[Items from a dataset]

- Opening Delimiter -

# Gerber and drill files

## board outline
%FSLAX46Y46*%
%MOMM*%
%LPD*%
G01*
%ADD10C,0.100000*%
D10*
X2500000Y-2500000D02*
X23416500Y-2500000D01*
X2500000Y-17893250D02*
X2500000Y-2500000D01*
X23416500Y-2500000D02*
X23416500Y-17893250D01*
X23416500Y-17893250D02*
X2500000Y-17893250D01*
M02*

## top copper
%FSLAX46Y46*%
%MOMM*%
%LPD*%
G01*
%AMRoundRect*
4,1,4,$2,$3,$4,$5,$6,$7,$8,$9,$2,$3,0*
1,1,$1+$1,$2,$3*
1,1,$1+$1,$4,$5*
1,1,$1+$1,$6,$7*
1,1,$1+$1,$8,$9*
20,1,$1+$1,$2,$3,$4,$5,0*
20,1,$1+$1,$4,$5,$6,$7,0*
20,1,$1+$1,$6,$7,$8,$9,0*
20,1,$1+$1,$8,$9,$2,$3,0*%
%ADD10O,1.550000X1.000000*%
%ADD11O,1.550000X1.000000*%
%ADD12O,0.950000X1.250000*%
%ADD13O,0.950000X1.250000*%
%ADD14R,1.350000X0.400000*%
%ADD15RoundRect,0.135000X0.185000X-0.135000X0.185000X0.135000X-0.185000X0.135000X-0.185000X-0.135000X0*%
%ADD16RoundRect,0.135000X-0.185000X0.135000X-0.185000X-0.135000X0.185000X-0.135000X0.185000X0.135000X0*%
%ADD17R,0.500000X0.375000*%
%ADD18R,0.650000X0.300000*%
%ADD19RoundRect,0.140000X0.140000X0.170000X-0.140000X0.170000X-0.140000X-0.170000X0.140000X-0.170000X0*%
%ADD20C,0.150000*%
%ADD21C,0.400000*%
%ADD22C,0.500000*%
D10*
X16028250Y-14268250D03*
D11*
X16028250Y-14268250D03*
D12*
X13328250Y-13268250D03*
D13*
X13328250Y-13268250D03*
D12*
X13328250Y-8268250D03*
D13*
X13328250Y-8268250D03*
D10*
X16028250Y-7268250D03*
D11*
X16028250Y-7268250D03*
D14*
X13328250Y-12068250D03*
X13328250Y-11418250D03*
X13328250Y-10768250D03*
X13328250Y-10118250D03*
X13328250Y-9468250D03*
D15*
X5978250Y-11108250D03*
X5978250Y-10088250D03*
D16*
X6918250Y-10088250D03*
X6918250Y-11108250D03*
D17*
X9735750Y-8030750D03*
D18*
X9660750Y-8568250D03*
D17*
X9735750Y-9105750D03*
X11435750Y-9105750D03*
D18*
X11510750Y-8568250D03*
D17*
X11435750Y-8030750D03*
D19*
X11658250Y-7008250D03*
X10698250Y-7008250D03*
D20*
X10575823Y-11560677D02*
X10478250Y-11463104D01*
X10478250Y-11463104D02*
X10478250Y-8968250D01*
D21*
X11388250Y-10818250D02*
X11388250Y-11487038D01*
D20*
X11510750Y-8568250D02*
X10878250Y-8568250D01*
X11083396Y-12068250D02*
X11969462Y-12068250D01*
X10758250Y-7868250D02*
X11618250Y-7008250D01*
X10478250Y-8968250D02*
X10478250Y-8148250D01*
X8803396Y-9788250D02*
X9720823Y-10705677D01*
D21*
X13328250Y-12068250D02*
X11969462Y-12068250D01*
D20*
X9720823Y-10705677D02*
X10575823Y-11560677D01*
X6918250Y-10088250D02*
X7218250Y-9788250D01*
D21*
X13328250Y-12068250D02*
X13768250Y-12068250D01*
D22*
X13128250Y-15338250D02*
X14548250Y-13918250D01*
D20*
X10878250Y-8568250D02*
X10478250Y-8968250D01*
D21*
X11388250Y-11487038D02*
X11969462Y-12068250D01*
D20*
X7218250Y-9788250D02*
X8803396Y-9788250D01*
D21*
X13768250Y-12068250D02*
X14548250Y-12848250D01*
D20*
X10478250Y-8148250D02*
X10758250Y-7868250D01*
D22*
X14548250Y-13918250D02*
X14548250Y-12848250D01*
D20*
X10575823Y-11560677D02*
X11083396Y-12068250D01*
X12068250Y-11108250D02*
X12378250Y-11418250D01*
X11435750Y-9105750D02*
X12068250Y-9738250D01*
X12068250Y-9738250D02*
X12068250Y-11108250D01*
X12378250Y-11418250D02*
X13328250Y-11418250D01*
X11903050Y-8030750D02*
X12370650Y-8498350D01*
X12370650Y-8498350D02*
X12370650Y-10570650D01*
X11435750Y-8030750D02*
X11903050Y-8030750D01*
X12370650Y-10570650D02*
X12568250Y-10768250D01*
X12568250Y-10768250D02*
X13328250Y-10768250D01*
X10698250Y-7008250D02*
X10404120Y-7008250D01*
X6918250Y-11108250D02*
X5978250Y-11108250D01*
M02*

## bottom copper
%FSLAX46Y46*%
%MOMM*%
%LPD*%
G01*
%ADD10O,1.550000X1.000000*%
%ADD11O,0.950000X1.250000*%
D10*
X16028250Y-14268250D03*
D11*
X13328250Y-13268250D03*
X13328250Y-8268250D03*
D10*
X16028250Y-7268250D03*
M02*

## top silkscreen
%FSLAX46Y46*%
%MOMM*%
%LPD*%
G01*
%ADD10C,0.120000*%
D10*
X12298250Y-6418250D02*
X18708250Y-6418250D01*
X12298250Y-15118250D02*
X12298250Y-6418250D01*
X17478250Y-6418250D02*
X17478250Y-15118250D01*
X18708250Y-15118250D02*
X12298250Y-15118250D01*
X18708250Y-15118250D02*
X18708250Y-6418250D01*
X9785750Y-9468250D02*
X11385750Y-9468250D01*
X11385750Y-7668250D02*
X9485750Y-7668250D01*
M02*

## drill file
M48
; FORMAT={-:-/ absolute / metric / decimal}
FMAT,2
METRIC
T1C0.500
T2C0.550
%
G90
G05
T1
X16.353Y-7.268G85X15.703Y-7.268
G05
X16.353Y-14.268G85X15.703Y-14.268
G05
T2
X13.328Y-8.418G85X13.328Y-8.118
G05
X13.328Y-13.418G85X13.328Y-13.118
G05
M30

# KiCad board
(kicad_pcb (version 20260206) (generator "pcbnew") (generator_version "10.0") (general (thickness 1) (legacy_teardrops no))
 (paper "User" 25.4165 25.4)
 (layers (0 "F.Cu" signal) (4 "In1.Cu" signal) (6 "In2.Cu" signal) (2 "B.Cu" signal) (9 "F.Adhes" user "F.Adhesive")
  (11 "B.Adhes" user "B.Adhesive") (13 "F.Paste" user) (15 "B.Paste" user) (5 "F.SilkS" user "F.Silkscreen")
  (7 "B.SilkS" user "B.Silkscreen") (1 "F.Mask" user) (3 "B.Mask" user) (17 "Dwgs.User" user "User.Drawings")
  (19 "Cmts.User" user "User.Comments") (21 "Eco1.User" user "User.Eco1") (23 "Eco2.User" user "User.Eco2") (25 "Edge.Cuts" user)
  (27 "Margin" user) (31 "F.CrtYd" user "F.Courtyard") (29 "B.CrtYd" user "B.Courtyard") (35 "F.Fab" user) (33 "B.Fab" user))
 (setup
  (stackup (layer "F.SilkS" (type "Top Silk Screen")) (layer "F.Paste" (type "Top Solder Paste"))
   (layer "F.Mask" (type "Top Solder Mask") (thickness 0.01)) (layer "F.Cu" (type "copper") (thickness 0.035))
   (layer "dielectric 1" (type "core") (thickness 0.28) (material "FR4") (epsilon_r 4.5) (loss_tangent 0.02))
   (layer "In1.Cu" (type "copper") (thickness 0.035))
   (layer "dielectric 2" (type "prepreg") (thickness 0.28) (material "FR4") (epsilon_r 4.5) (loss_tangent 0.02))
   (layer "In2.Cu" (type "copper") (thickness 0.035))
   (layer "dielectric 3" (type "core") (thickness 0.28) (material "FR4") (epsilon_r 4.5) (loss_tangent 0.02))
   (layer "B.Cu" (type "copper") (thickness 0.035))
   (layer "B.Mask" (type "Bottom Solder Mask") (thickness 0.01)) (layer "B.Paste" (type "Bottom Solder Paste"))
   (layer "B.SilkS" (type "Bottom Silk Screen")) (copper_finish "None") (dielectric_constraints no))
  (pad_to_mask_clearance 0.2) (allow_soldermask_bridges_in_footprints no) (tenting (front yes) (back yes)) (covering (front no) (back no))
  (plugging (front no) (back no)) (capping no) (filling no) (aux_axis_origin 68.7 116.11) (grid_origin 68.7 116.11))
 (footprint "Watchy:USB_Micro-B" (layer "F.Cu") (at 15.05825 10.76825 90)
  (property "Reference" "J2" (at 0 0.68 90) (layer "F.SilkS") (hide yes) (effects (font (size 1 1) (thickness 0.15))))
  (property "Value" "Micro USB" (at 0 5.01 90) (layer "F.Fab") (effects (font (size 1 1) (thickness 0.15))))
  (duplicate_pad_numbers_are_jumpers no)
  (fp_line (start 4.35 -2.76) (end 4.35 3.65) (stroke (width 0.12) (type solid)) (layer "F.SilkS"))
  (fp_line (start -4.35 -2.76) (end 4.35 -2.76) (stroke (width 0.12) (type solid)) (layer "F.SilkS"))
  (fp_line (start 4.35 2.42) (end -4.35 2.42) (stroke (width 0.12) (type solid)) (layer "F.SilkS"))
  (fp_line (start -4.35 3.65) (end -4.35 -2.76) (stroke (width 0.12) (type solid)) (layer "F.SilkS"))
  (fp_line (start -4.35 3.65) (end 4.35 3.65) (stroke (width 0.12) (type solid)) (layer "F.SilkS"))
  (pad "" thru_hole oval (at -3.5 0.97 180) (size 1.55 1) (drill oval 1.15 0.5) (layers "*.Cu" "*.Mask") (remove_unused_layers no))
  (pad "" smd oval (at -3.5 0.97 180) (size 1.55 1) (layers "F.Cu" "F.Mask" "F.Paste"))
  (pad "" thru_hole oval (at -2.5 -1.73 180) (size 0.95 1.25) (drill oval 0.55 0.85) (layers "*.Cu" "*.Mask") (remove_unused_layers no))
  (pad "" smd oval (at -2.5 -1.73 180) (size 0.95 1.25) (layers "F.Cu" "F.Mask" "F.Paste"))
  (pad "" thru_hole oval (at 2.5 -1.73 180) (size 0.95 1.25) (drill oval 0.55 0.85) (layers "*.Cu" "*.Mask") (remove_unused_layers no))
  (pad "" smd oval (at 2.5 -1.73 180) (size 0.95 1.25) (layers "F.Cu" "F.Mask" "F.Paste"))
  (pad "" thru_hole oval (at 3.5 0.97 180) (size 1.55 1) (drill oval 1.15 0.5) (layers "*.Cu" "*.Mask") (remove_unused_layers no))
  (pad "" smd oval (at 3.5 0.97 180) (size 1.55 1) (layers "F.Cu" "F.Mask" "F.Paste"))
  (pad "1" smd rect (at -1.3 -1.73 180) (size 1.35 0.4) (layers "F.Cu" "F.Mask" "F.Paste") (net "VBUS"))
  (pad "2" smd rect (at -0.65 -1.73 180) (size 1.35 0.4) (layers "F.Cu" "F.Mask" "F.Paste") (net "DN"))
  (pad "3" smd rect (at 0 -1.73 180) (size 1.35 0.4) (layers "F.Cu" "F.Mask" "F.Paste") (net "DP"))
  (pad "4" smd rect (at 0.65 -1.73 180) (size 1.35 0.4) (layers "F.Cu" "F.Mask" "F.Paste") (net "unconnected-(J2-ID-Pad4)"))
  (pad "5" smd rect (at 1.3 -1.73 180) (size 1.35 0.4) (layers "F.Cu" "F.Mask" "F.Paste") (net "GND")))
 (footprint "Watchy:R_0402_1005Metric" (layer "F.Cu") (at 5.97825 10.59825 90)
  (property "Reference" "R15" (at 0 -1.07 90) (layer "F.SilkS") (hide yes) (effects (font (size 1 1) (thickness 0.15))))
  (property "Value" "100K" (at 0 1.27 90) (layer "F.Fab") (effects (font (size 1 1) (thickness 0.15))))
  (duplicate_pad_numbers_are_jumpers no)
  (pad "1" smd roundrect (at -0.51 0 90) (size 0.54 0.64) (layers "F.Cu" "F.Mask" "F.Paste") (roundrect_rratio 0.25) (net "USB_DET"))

- Closing Delimiter -

WHAT YOU SHOULD DO: Extract from the records above the lines from the one containing "X2500000Y-2500000D01*" to the one containing "1,1,$1+$1,$4,$5*", both lines included, exactly as they appear and with nothing else.

RESPONSE BELOW:
X2500000Y-2500000D01*
X23416500Y-2500000D02*
X23416500Y-17893250D01*
X23416500Y-17893250D02*
X2500000Y-17893250D01*
M02*

## top copper
%FSLAX46Y46*%
%MOMM*%
%LPD*%
G01*
%AMRoundRect*
4,1,4,$2,$3,$4,$5,$6,$7,$8,$9,$2,$3,0*
1,1,$1+$1,$2,$3*
1,1,$1+$1,$4,$5*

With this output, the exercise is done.